# [Problem statement]
Pull each line holding the word "mirror" from the data.

# [Materials provided]
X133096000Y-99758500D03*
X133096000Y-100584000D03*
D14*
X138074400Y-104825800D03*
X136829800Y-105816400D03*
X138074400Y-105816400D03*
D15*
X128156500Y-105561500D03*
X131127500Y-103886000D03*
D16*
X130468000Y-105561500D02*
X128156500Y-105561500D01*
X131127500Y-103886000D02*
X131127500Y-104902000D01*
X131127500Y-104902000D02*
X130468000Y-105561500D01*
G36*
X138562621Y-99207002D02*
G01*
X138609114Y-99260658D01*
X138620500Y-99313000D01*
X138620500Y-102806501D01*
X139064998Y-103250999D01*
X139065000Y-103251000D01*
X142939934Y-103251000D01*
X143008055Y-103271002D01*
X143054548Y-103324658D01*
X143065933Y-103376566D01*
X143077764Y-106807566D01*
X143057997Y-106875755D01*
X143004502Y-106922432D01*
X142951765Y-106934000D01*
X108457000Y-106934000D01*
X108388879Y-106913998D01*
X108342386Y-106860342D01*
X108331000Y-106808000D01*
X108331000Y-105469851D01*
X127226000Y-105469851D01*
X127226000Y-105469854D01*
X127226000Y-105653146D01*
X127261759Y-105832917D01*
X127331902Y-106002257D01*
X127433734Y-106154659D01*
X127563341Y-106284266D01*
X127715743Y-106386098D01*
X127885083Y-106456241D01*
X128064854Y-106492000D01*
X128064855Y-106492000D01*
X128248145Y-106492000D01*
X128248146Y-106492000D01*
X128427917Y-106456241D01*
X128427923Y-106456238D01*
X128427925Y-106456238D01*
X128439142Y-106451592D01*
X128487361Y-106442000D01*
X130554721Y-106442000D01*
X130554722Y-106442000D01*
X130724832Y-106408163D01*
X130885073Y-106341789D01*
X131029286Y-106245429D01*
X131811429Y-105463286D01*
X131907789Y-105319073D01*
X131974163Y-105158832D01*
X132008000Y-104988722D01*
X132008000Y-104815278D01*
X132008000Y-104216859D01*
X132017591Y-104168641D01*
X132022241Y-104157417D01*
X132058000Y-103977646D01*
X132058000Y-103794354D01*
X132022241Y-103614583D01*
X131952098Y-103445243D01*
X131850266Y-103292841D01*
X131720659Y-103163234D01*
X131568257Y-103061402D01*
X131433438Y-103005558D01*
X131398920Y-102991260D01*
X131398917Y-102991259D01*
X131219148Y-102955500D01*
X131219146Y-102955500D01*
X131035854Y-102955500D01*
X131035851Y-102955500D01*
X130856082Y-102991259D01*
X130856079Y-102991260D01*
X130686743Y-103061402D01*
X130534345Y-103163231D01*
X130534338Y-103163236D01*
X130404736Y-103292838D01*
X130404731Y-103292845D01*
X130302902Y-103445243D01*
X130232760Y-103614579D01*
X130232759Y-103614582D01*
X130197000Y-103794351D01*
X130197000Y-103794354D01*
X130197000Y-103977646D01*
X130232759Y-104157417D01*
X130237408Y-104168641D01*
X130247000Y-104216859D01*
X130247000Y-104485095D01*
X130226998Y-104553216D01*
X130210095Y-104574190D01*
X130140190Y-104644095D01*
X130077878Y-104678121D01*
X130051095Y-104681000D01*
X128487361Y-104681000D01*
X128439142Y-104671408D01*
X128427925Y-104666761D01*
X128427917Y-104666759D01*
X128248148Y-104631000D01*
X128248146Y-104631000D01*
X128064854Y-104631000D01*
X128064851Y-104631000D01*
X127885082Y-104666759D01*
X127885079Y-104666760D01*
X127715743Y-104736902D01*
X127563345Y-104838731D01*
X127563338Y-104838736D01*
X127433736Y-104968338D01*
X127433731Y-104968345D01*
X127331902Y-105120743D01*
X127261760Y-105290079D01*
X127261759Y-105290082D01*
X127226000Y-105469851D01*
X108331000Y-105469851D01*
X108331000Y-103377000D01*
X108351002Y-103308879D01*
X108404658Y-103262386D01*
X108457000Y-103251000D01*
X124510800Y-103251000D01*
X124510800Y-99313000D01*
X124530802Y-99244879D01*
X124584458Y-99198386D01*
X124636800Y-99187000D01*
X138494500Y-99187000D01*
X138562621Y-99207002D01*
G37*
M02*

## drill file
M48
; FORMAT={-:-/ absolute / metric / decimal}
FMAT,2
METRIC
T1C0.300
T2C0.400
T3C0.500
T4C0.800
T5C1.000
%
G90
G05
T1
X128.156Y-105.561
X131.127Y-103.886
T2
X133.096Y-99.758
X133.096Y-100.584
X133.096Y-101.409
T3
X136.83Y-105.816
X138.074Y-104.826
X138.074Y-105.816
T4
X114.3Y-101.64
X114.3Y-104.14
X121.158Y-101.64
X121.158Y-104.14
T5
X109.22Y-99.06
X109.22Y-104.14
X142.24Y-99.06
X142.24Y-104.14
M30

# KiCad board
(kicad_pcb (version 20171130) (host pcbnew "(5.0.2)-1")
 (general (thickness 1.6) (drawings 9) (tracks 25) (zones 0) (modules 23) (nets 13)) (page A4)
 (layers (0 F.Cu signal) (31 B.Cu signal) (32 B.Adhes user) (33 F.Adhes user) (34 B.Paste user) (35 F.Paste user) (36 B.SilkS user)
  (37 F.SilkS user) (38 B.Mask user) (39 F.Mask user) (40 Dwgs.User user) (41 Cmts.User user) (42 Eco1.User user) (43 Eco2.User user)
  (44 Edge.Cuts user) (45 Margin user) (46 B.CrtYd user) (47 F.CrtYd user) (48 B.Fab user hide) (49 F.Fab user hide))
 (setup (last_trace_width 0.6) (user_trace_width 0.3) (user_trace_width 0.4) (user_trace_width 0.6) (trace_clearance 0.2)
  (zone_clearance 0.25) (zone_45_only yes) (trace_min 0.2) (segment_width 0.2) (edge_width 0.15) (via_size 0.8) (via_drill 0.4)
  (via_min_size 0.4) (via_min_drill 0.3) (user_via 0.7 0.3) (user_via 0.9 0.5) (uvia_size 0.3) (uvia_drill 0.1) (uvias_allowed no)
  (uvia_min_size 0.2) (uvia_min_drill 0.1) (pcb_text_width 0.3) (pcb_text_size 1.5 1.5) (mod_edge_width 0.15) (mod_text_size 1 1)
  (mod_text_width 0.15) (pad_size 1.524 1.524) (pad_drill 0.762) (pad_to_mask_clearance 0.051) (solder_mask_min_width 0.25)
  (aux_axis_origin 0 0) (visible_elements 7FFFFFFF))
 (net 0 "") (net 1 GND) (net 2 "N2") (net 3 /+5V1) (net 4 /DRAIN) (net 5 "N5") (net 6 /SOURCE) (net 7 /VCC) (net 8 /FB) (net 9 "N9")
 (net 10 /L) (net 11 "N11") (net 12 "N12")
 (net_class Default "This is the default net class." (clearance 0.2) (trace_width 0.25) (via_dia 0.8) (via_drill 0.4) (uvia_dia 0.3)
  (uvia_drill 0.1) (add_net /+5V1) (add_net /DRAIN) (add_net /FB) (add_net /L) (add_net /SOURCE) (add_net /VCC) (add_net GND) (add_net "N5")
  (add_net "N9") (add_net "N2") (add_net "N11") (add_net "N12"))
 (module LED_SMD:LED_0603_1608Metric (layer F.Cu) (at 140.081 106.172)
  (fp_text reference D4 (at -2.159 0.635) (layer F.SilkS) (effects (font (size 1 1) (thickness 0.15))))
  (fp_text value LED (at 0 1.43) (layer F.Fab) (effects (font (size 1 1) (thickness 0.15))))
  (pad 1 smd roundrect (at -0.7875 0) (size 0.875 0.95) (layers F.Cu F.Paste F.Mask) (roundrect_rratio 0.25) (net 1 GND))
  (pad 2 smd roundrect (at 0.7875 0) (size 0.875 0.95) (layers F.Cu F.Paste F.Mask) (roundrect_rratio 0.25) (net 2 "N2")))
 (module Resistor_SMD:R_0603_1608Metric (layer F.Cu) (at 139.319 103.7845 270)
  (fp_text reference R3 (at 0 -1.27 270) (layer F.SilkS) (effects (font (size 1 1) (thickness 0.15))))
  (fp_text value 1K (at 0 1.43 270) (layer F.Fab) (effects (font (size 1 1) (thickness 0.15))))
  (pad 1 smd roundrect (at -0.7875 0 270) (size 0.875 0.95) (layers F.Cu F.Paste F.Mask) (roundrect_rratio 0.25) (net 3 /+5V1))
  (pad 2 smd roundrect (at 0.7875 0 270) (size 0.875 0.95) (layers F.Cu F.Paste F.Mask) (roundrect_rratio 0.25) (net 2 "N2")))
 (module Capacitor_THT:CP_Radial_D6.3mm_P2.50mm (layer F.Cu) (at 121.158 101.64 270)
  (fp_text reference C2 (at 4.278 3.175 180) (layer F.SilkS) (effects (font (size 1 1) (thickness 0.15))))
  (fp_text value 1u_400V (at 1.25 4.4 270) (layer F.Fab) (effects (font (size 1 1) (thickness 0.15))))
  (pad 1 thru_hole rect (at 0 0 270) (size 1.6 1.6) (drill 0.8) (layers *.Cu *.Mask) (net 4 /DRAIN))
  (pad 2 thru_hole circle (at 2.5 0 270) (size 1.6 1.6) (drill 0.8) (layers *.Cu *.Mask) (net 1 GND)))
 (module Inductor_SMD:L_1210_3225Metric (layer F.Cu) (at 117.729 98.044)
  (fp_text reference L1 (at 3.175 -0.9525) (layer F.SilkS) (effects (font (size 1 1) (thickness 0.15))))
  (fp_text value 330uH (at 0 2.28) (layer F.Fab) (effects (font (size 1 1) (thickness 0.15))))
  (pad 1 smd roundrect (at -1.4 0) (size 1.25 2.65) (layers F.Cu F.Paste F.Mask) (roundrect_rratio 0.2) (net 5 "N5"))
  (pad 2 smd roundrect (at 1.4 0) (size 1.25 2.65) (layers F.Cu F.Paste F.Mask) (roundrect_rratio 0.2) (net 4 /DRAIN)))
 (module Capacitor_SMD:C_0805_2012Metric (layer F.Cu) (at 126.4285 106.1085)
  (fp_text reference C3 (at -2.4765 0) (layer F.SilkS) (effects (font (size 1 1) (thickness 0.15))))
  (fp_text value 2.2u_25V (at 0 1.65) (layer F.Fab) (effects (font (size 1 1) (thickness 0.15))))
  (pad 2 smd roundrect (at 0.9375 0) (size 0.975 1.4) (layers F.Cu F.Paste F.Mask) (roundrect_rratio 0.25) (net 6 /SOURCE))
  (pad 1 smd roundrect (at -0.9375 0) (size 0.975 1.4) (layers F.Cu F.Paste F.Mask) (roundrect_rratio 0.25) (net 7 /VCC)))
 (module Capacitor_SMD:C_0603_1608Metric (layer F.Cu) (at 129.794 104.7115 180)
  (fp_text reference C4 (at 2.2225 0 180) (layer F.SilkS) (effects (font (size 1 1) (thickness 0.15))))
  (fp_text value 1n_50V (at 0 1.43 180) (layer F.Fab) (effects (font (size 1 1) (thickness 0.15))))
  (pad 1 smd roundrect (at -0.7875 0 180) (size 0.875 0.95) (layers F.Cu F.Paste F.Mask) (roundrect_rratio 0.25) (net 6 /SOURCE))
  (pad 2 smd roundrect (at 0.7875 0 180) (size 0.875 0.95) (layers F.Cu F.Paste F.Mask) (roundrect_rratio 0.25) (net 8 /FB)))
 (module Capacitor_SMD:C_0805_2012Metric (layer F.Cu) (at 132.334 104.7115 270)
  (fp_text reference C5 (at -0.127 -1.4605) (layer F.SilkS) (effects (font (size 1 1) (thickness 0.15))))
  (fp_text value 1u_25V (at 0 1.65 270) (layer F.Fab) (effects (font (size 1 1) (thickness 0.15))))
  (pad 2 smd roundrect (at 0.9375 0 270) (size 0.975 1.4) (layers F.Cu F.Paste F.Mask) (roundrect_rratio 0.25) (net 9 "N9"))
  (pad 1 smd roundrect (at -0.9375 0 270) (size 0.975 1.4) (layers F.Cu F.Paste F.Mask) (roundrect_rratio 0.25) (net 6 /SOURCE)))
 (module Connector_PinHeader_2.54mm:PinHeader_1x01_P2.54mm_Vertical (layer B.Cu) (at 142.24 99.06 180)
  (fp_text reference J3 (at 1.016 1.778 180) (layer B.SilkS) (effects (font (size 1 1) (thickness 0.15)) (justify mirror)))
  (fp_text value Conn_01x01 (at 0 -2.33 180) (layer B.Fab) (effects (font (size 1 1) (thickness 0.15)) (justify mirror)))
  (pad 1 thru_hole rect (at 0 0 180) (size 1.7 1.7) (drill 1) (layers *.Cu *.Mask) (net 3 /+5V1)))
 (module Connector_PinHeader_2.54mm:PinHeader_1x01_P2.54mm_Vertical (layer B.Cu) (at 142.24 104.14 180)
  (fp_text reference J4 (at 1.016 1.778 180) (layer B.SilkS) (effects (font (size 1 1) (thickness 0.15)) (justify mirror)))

# [Your solution]
  (fp_text reference J3 (at 1.016 1.778 180) (layer B.SilkS) (effects (font (size 1 1) (thickness 0.15)) (justify mirror)))
  (fp_text value Conn_01x01 (at 0 -2.33 180) (layer B.Fab) (effects (font (size 1 1) (thickness 0.15)) (justify mirror)))
  (fp_text reference J4 (at 1.016 1.778 180) (layer B.SilkS) (effects (font (size 1 1) (thickness 0.15)) (justify mirror)))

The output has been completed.